Terrascan policies consist of two files:

  1. A JSON file which contains metadata about the policy such as severity, description, etc.
  2. A Rego file which contains the Rego code for the policy itself.

Get sample JSON metadata

For simplicity, and to ensure I define all appropriate fields, I'll start by downloading an existing policy (JSON) from the Terrascan repo into policy.json. We can modify that file to create our new policy. Note that it doesn't really matter which policy we choose. Since our Argo policy will be similar to a Kubernetes policy, I'll start with an arbitrary K8s policy.

$ curl -so policy.json https://raw.githubusercontent.com/accurics/terrascan/master/pkg/policies/opa/rego/k8s/kubernetes_pod/allow_privilege_escalation/accurics.kubernetes.IAM.1.json

Built-in Terrascan policies are typically built from templates and include a template_args member which is not relevant to us. We'll remove that from the JSON file for clarity, and edit the remaining fields as appropriate. We might end up with something like this:

{
    "name": "workflowShouldUseImmutableImageRef",
    "file": "policy.rego",
    "severity": "High",
    "description": "Images used in workflow templates should specify an immutable reference, not default or latest",
    "reference_id": "my.argo.policy.1",
    "category": "Argo best practices",
    "version": 1
}

The name member does double duty as the name of the rule in the Rego file whose value will be checked after evaluation, and the name used in the Terrascan output. We'll use workflowShouldUseImmutableImageRef, the same rule name that we used in the Rego code.
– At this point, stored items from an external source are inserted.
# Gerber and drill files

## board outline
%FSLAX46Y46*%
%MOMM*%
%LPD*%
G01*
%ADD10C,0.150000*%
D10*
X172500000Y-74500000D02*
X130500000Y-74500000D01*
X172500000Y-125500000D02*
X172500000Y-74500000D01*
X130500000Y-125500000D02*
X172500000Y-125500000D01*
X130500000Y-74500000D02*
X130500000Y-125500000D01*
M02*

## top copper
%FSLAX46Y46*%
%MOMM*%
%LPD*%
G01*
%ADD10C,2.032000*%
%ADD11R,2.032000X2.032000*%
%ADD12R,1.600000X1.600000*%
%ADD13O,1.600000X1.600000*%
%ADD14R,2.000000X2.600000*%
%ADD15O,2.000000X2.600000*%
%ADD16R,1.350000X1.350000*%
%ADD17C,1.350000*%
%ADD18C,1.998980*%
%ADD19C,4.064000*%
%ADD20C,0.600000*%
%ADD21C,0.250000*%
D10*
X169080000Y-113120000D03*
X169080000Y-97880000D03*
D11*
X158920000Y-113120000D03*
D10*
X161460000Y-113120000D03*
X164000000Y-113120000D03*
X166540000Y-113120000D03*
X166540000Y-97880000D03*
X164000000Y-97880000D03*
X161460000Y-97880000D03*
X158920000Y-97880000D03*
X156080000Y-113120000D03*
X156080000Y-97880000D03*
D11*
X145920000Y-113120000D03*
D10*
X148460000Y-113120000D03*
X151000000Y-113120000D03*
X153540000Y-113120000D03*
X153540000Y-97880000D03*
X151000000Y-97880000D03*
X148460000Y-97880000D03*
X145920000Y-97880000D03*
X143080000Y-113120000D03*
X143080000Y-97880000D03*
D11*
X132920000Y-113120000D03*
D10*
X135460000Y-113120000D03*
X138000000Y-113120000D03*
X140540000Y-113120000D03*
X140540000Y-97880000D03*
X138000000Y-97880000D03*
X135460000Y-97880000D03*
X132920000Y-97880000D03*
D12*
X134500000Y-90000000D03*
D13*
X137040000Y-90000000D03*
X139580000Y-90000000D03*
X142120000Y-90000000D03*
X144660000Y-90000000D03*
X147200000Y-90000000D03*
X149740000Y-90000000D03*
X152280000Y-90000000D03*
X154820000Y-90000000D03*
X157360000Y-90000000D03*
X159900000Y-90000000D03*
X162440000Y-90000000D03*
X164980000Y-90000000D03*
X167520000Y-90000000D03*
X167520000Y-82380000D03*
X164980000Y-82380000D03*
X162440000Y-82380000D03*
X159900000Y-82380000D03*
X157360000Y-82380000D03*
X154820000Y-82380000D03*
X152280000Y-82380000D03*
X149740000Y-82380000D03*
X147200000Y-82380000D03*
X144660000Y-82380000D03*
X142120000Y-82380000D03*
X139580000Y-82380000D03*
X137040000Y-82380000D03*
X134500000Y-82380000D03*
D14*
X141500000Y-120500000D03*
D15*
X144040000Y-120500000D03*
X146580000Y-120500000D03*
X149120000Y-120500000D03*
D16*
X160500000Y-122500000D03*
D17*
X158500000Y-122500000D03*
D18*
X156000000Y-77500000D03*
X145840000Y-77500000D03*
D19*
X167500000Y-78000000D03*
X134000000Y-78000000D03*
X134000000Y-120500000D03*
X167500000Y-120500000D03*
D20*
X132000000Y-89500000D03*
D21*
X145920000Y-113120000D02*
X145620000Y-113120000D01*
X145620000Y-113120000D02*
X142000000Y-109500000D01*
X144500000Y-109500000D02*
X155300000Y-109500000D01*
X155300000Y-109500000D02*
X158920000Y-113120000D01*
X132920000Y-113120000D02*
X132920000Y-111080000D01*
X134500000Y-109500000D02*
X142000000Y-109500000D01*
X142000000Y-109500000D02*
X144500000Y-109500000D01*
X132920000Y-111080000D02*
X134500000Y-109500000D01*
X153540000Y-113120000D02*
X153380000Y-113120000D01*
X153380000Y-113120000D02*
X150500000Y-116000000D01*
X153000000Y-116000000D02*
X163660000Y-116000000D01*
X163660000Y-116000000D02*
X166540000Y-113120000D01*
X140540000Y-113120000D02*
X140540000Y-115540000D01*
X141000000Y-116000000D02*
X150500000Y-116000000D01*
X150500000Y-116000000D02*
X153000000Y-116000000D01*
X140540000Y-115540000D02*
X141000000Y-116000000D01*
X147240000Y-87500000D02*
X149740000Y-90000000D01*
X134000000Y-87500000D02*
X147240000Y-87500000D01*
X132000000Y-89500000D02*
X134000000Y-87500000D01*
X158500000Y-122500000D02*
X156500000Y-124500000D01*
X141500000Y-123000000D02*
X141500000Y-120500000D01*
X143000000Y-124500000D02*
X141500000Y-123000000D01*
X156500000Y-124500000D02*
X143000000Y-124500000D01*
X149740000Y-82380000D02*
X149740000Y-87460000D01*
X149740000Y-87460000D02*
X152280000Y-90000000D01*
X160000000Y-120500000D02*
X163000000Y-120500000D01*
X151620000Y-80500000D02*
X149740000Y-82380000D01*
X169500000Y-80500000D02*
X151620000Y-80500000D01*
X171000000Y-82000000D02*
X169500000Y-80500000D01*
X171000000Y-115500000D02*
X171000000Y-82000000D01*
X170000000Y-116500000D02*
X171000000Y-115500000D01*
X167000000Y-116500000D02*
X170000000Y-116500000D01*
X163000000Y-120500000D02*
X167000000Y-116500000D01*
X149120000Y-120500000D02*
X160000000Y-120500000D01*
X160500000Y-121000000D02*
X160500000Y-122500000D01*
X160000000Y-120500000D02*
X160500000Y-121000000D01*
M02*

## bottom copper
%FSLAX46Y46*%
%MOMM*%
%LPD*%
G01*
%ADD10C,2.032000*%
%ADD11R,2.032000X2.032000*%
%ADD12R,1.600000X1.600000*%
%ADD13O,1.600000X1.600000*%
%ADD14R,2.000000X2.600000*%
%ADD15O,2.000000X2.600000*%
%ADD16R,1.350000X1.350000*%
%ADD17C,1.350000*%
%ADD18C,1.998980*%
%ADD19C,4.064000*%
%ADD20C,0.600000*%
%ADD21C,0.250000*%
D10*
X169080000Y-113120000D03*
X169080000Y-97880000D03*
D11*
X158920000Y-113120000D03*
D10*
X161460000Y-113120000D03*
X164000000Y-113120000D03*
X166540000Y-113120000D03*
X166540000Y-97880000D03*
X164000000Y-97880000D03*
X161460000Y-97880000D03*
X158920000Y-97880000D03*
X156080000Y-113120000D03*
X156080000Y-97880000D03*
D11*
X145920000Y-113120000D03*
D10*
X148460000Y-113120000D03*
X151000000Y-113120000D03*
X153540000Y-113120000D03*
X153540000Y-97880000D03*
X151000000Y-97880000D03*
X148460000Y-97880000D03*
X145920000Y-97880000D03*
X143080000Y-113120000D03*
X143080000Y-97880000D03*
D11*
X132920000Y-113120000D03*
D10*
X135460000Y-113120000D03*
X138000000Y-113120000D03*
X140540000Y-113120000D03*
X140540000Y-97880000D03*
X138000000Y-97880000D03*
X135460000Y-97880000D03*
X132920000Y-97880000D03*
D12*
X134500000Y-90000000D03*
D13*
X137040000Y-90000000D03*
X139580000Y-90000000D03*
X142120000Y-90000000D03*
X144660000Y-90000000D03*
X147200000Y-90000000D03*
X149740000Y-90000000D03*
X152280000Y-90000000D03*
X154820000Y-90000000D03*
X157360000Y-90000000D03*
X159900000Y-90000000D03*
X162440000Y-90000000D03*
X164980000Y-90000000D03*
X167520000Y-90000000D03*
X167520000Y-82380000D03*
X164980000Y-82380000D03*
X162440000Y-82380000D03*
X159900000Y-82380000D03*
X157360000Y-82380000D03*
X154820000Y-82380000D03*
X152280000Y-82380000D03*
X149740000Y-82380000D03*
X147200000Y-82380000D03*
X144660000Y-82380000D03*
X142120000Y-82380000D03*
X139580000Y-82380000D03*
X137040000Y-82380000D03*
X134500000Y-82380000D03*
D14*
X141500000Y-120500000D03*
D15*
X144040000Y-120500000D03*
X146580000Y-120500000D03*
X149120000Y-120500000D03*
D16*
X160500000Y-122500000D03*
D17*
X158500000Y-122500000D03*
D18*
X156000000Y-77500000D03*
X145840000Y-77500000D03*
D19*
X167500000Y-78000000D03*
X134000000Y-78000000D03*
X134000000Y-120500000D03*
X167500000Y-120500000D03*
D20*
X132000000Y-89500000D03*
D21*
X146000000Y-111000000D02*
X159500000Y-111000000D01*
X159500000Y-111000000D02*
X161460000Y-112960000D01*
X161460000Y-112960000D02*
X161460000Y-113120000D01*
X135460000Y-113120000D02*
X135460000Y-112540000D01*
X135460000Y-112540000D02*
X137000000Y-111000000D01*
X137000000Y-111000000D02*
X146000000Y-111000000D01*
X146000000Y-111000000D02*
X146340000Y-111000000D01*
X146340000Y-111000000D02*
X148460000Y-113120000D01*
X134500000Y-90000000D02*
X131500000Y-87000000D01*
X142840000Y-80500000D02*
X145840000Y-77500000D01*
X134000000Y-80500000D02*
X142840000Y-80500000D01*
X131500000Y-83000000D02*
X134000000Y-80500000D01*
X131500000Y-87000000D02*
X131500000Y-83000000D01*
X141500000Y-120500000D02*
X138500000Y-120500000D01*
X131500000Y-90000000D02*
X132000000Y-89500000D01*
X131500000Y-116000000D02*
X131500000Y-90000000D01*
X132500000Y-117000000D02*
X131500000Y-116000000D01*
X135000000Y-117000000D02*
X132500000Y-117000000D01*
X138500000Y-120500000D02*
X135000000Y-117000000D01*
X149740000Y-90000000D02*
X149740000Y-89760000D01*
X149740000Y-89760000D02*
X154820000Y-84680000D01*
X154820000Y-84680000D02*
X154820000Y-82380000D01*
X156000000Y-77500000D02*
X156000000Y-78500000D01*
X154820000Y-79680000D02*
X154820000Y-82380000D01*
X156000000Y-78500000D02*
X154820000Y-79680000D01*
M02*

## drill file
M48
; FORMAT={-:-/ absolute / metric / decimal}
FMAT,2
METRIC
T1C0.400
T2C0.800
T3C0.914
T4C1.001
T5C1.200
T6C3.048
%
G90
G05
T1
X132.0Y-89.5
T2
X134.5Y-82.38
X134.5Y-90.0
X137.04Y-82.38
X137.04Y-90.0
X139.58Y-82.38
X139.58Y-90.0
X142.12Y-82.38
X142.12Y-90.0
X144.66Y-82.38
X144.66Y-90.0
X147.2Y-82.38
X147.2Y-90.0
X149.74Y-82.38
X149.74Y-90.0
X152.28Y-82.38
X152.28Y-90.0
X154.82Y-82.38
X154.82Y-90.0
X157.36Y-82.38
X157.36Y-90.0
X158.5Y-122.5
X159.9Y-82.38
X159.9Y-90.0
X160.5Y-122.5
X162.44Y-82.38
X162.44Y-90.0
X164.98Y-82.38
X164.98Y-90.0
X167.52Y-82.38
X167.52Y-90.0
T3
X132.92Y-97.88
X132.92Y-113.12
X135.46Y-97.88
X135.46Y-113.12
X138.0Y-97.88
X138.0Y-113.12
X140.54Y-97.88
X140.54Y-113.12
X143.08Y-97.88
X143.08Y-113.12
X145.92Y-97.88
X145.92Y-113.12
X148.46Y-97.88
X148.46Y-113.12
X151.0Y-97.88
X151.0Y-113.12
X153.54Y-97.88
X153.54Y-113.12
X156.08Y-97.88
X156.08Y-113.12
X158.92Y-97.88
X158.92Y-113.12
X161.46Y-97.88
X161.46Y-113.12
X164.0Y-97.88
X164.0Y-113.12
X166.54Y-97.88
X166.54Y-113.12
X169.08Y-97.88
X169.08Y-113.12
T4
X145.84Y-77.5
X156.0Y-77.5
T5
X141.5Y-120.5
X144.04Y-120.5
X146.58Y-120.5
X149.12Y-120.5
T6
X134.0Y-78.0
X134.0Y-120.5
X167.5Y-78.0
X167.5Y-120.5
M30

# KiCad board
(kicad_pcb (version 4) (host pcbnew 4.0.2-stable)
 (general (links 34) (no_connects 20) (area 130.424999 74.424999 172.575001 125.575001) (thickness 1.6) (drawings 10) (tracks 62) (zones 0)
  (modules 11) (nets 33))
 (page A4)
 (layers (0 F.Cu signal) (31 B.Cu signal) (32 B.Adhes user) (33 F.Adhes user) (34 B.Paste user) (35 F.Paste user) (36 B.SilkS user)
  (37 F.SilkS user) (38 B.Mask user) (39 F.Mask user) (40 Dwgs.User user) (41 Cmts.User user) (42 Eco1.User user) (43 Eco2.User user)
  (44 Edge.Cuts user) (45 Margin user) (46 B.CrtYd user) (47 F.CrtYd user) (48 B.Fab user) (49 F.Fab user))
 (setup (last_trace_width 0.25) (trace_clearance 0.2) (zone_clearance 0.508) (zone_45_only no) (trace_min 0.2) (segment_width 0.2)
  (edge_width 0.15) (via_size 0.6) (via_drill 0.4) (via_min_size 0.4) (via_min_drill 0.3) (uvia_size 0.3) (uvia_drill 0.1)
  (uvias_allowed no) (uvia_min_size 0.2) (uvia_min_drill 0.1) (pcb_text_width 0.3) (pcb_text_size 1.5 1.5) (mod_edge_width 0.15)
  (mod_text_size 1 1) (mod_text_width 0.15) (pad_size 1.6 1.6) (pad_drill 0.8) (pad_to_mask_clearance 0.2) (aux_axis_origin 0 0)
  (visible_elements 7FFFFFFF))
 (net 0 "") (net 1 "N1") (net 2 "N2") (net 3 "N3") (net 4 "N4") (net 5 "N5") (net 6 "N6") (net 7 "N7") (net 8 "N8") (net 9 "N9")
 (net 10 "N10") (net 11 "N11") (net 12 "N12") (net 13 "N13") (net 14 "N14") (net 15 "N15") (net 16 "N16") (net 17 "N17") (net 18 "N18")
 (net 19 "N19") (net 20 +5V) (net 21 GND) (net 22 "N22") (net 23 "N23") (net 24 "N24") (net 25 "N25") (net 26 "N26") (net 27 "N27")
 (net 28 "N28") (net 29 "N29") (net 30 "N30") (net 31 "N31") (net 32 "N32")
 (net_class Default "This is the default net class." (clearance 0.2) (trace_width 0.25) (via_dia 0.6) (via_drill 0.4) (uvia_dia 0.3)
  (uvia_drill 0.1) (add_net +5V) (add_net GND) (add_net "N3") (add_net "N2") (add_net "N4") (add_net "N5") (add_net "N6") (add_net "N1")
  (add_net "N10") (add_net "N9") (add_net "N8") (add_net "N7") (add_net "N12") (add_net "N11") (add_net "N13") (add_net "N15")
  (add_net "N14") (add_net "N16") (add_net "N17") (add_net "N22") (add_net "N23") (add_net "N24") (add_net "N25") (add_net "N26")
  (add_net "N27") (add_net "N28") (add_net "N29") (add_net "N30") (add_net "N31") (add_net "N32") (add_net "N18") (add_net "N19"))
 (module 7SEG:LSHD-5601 (layer F.Cu) (at 164 105.5)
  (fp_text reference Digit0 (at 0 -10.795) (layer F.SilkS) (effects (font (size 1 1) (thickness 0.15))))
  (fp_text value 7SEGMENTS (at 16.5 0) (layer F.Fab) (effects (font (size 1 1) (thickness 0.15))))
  (pad 5 thru_hole circle (at 5.08 7.62) (size 2.032 2.032) (drill 0.9144) (layers *.Cu *.Mask F.SilkS) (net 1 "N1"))
  (pad 10 thru_hole circle (at 5.08 -7.62) (size 2.032 2.032) (drill 0.9144) (layers *.Cu *.Mask F.SilkS) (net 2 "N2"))
  (pad 1 thru_hole rect (at -5.08 7.62) (size 2.032 2.032) (drill 0.9144) (layers *.Cu *.Mask F.SilkS) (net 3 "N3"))
  (pad 2 thru_hole circle (at -2.54 7.62) (size 2.032 2.032) (drill 0.9144) (layers *.Cu *.Mask F.SilkS) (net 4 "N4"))
  (pad 3 thru_hole circle (at 0 7.62) (size 2.032 2.032) (drill 0.9144) (layers *.Cu *.Mask F.SilkS) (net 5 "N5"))
  (pad 4 thru_hole circle (at 2.54 7.62) (size 2.032 2.032) (drill 0.9144) (layers *.Cu *.Mask F.SilkS) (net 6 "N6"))
  (pad 9 thru_hole circle (at 2.54 -7.62) (size 2.032 2.032) (drill 0.9144) (layers *.Cu *.Mask F.SilkS) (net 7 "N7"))
  (pad 8 thru_hole circle (at 0 -7.62) (size 2.032 2.032) (drill 0.9144) (layers *.Cu *.Mask F.SilkS) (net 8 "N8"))
  (pad 7 thru_hole circle (at -2.54 -7.62) (size 2.032 2.032) (drill 0.9144) (layers *.Cu *.Mask F.SilkS) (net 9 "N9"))
  (pad 6 thru_hole circle (at -5.08 -7.62) (size 2.032 2.032) (drill 0.9144) (layers *.Cu *.Mask F.SilkS) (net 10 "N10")))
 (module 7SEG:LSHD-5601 (layer F.Cu) (at 151 105.5)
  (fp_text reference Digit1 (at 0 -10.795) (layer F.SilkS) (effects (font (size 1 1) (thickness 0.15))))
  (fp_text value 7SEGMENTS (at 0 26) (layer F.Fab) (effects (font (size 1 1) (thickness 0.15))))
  (pad 5 thru_hole circle (at 5.08 7.62) (size 2.032 2.032) (drill 0.9144) (layers *.Cu *.Mask F.SilkS) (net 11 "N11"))
  (pad 10 thru_hole circle (at 5.08 -7.62) (size 2.032 2.032) (drill 0.9144) (layers *.Cu *.Mask F.SilkS) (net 2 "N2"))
With the metadata defined, now we just need to paste the Rego code from the Rego playground into the file policy.rego defined in the metadata.

The files policy.json and policy.rego can be placed into the Terrascan policy directory filled by Terrascan init, to be used automatically, or you can use something like Terrascan's -p option to have it use a specific policy directory.
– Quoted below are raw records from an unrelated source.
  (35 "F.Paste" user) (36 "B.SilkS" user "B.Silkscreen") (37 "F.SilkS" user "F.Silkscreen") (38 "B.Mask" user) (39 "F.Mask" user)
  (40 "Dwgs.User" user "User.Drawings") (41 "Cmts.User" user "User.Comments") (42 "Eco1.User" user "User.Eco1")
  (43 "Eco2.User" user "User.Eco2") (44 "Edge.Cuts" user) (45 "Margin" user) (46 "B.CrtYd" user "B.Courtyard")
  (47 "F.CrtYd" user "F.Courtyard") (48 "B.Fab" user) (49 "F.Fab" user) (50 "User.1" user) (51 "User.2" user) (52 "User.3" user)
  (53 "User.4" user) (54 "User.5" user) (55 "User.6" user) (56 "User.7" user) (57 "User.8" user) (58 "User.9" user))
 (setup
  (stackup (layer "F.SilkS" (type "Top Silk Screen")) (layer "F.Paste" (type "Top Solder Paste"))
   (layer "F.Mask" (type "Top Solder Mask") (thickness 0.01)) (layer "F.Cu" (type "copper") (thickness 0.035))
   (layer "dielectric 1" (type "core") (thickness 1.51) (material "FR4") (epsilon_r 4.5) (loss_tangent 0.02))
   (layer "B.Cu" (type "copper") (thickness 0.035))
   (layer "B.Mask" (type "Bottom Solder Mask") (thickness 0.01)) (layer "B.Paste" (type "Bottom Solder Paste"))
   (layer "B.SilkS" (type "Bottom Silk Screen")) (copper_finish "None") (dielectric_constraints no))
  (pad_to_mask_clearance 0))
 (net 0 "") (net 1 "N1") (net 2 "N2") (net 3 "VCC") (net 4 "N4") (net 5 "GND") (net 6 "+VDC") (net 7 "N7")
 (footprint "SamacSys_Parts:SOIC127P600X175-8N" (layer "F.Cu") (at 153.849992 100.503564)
If we add the JSON and Rego files to ./my-policy-dir/, we could use our new custom policy like this:

$ terrascan scan -o yaml -i k8s -p ./my-policy-dir/
results:
    violations:
        - rule_name: workflowShouldUseImmutableImageRef
          description: Images used in workflow templates should specify an immutable reference, not default or latest
          rule_id: my.argo.policy.1
          severity: High
          category: Argo best practices
          resource_name: hello-world-
          resource_type: kubernetes_workflow
          file: /iac/workflow.yml
          line: 1
    scan_summary:
        file/folder: /iac
        iac_type: k8s
        scanned_at: 2021-01-09 10:15:04.121056704 +0000 UTC
        policies_validated: 1
        violated_policies: 1
        low: 0
        medium: 0
        high: 1

Congratulations! You've created your first Terrascan policy. As you build a libarary of policies, you will probably want to keep them organized and applied to the right projects. You can leverage Terrascan options like -p or -c to specify which policies to use. -p specifies a local directory as shown above, and -c can specify the source of the remote repository from which the policies will be cloned.

The Terrascan usage page includes more information about configuration options, notifications, server mode, and more.